I don't hold that against Joe, but I also don't think that being confronted by a powerful, uber smart, fully realized black woman on the political field of battle should hurt his feelings so badly if he wants to stay in play. And he definitely should not come unprepared because he thinks his benevolence in the past has given him a pass on dealing with a grown woman as an equal. Some of the elements of her case were debatable but her experience of her experience was not. Joe Biden missed a huge opportunity, and it is only one of the huge opportunities he keeps blowing through because he thinks he deserves a pass, and we do not live in that world anymore.
Harris will seize every single challenge as a chance to hone her knives for Donald Trump, and Trump knows it. Biden will struggle. I believe that he stays in through the fall, up to the primaries, barring some unforeseen external. (And we should all never underestimate the effect and consequence of things not yet seen.)
If my premise holds, Kamala Harris rises to the top in the primaries, and when it becomes clear that she is the middle ground between the middle and the left Joe Biden will step aside. It may take the intervention of the one person we all know who can lean in and say "Buddy, you need to do the right thing," but I believe he will. And then he will take a minute before he comes out with a full-throated support for the presidency of Kamala Harris and he will throw his whole campaign apparatus behind her.
Barack Obama will wait in the wings so there is a very public demonstration of mended fences and party solidarity, then he will step up with all he got, as will all the other Democratic candidates, because the singular mantra is "Beat Trump."
That is why it is so important that no matter how harsh the moment may appear, the attacks can never get personal.
Leave the "showing my fat ass" portion of the program to the village idiot.
And finally, I do not think Donald Trump survives mano a mano having the case against him prosecuted by Kamala Harris – for one night, let alone three – without losing his grip and saying what he is really thinking to a black woman. And we all know what he is thinking, he can't help it. It will be exponentially worse for Trump than sitting across from Robert Mueller ever might have been, and – short of death – there's no way out that doesn't reveal him for the coward he is, even to his base.

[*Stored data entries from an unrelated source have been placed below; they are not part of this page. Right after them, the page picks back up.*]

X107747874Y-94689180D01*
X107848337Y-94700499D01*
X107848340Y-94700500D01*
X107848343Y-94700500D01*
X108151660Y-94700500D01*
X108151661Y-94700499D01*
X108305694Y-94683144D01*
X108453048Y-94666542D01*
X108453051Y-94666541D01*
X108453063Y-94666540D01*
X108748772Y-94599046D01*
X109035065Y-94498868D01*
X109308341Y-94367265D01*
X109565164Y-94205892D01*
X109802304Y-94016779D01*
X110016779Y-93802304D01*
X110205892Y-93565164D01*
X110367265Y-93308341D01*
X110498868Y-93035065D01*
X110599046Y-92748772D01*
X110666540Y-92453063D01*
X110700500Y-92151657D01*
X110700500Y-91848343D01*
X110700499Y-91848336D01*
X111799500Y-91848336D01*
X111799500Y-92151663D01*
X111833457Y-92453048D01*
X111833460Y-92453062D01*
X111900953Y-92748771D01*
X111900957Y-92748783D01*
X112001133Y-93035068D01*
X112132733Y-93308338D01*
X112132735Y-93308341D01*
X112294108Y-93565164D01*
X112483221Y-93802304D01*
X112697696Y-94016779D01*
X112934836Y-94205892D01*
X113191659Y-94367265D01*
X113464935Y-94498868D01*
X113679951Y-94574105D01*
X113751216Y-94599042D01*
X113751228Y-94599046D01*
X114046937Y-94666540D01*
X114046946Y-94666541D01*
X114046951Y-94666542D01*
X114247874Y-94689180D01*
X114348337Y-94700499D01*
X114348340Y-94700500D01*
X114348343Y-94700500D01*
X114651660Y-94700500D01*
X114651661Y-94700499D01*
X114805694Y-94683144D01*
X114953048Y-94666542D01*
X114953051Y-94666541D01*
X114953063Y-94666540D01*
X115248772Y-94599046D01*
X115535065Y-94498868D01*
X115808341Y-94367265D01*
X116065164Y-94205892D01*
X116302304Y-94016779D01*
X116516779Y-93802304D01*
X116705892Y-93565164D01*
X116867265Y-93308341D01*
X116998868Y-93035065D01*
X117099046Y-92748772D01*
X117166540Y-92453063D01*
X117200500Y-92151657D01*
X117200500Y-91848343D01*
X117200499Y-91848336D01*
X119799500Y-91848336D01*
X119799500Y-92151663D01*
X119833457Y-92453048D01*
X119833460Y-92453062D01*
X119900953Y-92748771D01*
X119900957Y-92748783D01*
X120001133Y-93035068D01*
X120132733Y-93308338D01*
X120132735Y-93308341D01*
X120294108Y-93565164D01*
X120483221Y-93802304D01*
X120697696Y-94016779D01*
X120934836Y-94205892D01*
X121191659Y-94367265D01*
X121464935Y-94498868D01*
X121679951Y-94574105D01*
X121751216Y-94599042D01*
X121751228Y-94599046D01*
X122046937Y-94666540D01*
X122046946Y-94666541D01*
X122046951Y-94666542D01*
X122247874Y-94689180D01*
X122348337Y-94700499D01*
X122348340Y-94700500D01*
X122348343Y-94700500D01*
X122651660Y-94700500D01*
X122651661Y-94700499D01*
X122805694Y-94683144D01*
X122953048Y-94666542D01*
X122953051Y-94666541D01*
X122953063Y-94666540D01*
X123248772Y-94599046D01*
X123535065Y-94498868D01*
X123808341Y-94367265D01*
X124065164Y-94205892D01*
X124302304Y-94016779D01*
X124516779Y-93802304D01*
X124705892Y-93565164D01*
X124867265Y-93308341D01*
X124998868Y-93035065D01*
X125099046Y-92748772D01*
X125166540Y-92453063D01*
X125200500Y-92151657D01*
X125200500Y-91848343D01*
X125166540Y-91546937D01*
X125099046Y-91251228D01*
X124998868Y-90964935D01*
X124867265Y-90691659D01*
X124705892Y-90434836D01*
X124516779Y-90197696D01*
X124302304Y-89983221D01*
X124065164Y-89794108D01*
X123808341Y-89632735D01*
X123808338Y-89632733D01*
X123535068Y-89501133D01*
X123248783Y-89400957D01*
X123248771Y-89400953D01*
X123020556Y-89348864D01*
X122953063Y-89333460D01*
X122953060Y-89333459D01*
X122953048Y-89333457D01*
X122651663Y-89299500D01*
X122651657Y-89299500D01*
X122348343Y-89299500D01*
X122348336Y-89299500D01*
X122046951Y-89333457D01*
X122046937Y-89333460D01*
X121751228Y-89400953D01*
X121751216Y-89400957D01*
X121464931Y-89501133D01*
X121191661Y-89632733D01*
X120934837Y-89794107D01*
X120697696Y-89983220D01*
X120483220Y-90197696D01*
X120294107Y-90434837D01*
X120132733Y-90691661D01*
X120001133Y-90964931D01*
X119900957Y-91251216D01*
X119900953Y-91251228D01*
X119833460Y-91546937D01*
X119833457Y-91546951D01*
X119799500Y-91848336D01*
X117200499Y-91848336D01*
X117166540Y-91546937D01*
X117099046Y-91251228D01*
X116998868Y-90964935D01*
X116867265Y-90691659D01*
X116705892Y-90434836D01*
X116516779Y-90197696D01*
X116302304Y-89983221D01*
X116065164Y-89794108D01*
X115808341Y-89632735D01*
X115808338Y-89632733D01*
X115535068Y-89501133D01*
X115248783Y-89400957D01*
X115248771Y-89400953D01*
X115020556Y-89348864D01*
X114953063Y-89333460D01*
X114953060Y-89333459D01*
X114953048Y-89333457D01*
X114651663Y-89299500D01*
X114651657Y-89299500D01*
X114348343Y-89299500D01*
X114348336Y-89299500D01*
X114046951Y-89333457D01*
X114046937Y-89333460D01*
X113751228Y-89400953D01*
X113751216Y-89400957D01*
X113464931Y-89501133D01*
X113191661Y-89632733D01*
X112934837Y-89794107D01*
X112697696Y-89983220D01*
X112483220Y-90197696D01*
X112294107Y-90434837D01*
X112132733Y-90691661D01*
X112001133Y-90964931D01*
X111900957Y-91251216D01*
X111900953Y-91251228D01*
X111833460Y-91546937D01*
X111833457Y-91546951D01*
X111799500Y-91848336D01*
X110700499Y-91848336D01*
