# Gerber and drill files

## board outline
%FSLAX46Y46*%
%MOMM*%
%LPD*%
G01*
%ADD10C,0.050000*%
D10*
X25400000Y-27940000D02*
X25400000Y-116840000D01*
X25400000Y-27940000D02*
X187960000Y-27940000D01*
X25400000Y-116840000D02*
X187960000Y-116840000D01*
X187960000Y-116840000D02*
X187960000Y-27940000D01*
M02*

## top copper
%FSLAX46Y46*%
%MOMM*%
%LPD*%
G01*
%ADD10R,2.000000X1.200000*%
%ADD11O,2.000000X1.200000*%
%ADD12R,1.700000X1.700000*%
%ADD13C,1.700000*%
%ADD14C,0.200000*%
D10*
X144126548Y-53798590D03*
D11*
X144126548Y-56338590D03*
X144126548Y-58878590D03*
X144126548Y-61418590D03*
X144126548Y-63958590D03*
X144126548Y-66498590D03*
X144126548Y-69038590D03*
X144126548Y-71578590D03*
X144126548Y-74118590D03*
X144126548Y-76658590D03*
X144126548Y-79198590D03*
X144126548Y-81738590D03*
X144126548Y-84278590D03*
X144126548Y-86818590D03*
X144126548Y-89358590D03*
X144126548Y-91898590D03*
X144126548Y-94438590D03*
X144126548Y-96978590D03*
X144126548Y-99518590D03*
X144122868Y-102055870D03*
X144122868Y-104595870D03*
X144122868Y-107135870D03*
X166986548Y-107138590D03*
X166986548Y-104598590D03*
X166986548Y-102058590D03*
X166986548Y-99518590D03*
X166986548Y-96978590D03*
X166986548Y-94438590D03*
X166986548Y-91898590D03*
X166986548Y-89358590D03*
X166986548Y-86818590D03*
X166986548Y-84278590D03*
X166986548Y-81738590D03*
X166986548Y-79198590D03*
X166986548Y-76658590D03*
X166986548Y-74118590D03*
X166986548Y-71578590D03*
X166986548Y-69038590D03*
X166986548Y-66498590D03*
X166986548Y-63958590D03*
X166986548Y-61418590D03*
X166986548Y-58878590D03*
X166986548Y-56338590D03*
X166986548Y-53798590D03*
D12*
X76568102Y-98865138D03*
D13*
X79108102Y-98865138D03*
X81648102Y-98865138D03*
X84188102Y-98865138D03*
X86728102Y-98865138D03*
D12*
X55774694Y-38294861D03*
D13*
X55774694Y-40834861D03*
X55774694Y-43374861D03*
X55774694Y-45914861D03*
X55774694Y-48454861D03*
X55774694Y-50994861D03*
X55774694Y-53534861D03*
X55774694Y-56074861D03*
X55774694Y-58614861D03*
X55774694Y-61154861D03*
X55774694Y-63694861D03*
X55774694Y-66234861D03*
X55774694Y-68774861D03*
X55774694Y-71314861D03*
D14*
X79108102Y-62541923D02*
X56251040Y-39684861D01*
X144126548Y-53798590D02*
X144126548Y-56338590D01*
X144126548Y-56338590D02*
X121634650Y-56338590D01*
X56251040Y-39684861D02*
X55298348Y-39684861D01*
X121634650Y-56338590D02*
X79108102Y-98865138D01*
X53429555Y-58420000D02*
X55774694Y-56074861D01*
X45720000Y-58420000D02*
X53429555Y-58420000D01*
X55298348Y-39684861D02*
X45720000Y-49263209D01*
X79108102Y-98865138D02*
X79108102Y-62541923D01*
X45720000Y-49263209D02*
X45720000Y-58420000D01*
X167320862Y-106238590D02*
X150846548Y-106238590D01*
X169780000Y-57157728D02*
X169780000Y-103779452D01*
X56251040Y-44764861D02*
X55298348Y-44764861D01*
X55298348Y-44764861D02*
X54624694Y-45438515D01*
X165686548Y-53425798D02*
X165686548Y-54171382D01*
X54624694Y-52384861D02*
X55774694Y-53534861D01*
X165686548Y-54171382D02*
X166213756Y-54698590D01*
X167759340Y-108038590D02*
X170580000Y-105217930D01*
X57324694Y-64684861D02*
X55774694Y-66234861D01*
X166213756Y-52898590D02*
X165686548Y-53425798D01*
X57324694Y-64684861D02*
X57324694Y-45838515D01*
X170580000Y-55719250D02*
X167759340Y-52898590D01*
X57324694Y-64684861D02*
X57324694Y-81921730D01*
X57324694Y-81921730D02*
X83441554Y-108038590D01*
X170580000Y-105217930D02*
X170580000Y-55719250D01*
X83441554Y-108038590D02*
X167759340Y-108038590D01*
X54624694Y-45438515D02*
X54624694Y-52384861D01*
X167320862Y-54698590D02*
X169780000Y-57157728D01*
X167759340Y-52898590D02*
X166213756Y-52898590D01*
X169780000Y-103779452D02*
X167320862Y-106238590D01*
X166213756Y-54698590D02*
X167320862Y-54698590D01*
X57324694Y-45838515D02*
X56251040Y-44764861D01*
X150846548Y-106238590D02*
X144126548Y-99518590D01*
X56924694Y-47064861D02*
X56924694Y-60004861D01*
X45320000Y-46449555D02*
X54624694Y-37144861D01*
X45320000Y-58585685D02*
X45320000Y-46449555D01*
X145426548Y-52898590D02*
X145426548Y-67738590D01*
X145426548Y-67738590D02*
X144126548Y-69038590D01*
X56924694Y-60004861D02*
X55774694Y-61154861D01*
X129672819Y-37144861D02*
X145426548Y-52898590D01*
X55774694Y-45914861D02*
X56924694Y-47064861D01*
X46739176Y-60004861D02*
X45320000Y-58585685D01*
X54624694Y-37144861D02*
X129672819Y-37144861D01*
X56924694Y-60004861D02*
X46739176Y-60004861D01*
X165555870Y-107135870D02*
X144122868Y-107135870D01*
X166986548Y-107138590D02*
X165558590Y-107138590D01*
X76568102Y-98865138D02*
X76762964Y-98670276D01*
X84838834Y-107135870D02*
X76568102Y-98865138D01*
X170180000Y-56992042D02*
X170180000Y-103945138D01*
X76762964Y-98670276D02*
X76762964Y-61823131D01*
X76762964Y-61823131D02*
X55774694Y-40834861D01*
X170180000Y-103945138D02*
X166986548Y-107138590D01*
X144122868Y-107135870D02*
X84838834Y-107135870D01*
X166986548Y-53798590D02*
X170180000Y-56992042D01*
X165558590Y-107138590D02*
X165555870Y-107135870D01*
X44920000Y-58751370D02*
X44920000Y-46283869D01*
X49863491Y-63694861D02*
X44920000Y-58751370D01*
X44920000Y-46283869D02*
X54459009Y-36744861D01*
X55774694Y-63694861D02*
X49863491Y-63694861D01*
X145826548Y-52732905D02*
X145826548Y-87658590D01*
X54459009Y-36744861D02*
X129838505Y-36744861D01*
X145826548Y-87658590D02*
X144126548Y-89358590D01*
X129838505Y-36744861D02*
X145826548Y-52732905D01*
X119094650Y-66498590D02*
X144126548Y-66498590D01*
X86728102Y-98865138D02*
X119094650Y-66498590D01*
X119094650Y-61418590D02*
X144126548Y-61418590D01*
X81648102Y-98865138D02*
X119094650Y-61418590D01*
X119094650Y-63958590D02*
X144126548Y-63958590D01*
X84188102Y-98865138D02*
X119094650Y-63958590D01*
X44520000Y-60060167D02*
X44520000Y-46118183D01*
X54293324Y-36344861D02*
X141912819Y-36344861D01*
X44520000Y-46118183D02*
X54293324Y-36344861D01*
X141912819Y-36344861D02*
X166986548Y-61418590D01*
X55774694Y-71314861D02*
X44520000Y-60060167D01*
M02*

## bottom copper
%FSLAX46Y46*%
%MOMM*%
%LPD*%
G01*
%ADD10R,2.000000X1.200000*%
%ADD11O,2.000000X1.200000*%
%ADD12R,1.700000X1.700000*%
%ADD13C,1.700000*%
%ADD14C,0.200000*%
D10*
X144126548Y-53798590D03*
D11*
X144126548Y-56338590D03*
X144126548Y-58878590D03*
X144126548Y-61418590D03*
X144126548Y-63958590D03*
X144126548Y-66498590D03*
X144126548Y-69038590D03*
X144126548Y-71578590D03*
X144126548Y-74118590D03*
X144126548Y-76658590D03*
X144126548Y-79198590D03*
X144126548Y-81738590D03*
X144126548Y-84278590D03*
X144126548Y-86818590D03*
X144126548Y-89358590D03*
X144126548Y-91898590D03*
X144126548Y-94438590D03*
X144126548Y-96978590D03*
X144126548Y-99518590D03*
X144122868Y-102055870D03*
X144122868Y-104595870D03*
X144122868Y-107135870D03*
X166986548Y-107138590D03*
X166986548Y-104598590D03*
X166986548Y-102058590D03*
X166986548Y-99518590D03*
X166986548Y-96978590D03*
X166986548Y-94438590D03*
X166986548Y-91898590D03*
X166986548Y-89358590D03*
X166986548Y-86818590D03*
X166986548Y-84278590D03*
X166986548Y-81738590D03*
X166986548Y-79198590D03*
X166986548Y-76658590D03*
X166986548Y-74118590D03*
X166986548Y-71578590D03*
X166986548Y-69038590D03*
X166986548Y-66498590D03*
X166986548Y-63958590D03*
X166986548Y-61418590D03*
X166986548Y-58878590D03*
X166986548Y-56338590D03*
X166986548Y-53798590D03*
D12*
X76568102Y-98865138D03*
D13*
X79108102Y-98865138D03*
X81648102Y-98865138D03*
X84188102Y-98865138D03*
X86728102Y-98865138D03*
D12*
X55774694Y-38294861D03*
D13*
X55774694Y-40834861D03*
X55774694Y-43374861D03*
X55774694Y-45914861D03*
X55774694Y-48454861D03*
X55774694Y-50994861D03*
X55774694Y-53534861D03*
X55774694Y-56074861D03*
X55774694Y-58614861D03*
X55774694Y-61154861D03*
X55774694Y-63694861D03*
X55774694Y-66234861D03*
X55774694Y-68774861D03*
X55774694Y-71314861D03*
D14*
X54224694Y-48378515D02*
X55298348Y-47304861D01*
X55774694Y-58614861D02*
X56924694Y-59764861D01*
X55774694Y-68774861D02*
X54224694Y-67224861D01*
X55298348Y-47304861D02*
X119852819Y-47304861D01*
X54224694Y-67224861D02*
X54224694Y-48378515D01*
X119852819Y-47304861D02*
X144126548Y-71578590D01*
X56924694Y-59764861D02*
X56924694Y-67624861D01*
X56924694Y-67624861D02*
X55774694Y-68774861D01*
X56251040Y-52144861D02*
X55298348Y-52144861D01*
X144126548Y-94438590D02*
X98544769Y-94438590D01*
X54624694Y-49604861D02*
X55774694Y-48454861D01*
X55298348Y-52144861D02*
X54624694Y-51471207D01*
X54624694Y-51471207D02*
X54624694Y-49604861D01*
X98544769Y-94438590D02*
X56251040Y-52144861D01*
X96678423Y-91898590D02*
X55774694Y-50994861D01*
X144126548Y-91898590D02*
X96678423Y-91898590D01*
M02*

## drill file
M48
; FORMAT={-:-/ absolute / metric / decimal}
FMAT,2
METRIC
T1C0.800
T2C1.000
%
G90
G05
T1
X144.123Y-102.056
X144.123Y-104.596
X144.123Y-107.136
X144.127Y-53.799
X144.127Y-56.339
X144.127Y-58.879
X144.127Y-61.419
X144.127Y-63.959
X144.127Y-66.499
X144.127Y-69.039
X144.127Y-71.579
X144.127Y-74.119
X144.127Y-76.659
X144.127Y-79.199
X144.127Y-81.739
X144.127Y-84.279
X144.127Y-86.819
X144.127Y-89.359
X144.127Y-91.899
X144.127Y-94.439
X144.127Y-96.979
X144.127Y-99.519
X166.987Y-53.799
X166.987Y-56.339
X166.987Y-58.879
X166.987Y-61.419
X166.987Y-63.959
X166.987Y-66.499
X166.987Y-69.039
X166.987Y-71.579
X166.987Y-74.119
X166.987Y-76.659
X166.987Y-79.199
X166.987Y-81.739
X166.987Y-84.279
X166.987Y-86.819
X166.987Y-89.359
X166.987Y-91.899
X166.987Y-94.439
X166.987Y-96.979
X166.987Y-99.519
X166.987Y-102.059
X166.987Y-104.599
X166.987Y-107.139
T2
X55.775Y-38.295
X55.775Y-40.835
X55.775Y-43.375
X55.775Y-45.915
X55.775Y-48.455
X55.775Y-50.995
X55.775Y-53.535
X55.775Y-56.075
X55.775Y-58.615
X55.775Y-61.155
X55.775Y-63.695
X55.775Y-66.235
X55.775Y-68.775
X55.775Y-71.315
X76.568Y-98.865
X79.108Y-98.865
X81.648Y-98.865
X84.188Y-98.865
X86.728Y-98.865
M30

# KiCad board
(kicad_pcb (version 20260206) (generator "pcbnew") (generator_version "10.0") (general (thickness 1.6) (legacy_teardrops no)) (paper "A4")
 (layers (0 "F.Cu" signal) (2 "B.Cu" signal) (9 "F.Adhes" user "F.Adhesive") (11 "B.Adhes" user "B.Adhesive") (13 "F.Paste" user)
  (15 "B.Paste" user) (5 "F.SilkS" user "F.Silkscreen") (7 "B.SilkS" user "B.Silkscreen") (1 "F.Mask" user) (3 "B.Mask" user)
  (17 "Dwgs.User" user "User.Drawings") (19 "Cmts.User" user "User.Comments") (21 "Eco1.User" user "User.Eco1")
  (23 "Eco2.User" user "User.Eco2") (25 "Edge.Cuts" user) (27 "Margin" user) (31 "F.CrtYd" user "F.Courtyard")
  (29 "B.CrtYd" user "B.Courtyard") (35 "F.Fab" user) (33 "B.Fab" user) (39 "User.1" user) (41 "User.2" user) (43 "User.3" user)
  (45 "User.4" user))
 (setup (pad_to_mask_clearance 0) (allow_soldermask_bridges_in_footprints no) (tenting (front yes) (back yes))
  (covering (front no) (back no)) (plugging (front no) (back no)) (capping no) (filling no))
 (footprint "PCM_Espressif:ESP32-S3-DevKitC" (layer "F.Cu") (at 144.126548 53.79859)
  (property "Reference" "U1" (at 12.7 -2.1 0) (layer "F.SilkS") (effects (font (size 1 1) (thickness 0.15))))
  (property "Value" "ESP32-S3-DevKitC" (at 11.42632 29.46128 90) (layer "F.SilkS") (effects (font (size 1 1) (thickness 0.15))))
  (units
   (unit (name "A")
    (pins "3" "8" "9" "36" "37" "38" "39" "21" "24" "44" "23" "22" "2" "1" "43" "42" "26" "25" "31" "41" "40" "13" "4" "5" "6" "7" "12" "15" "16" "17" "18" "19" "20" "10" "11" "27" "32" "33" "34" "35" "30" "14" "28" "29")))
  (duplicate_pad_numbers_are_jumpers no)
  (pad "1" thru_hole rect (at 0 0 270) (size 1.2 2) (drill 0.8) (layers "*.Cu" "*.Mask") (remove_unused_layers no) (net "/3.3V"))
  (pad "2" thru_hole oval (at 0 2.54 270) (size 1.2 2) (drill 0.8) (layers "*.Cu" "*.Mask") (remove_unused_layers no) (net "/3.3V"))
  (pad "3" thru_hole oval (at 0 5.08 270) (size 1.2 2) (drill 0.8) (layers "*.Cu" "*.Mask") (remove_unused_layers no)
   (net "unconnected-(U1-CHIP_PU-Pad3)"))
  (pad "4" thru_hole oval (at 0 7.62 270) (size 1.2 2) (drill 0.8) (layers "*.Cu" "*.Mask") (remove_unused_layers no) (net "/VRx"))
  (pad "5" thru_hole oval (at 0 10.16 270) (size 1.2 2) (drill 0.8) (layers "*.Cu" "*.Mask") (remove_unused_layers no) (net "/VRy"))
  (pad "6" thru_hole oval (at 0 12.7 270) (size 1.2 2) (drill 0.8) (layers "*.Cu" "*.Mask") (remove_unused_layers no) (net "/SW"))
  (pad "7" thru_hole oval (at 0 15.24 270) (size 1.2 2) (drill 0.8) (layers "*.Cu" "*.Mask") (remove_unused_layers no) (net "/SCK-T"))
  (pad "8" thru_hole oval (at 0 17.78 270) (size 1.2 2) (drill 0.8) (layers "*.Cu" "*.Mask") (remove_unused_layers no) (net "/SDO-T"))
  (pad "9" thru_hole oval (at 0 20.32 270) (size 1.2 2) (drill 0.8) (layers "*.Cu" "*.Mask") (remove_unused_layers no)
   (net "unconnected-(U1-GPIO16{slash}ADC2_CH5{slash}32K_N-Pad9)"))
  (pad "10" thru_hole oval (at 0 22.86 270) (size 1.2 2) (drill 0.8) (layers "*.Cu" "*.Mask") (remove_unused_layers no)
   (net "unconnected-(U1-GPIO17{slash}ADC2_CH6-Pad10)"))
  (pad "11" thru_hole oval (at 0 25.4 270) (size 1.2 2) (drill 0.8) (layers "*.Cu" "*.Mask") (remove_unused_layers no)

I've heard the argument that his base won't care, but they don't matter anyway. Nothing affects or changes them. What will matter to most people who have even a thread of decency left is that that is not and never will be what they want to be aligned with, not anytime, not anywhere. And once he's said it in front of God and everybody, you are either okay with it, or you're not. Pure and simple.
And if that is still insufficient to end this surreal horror show then we may as well all just start drinking heavily and waiting to die.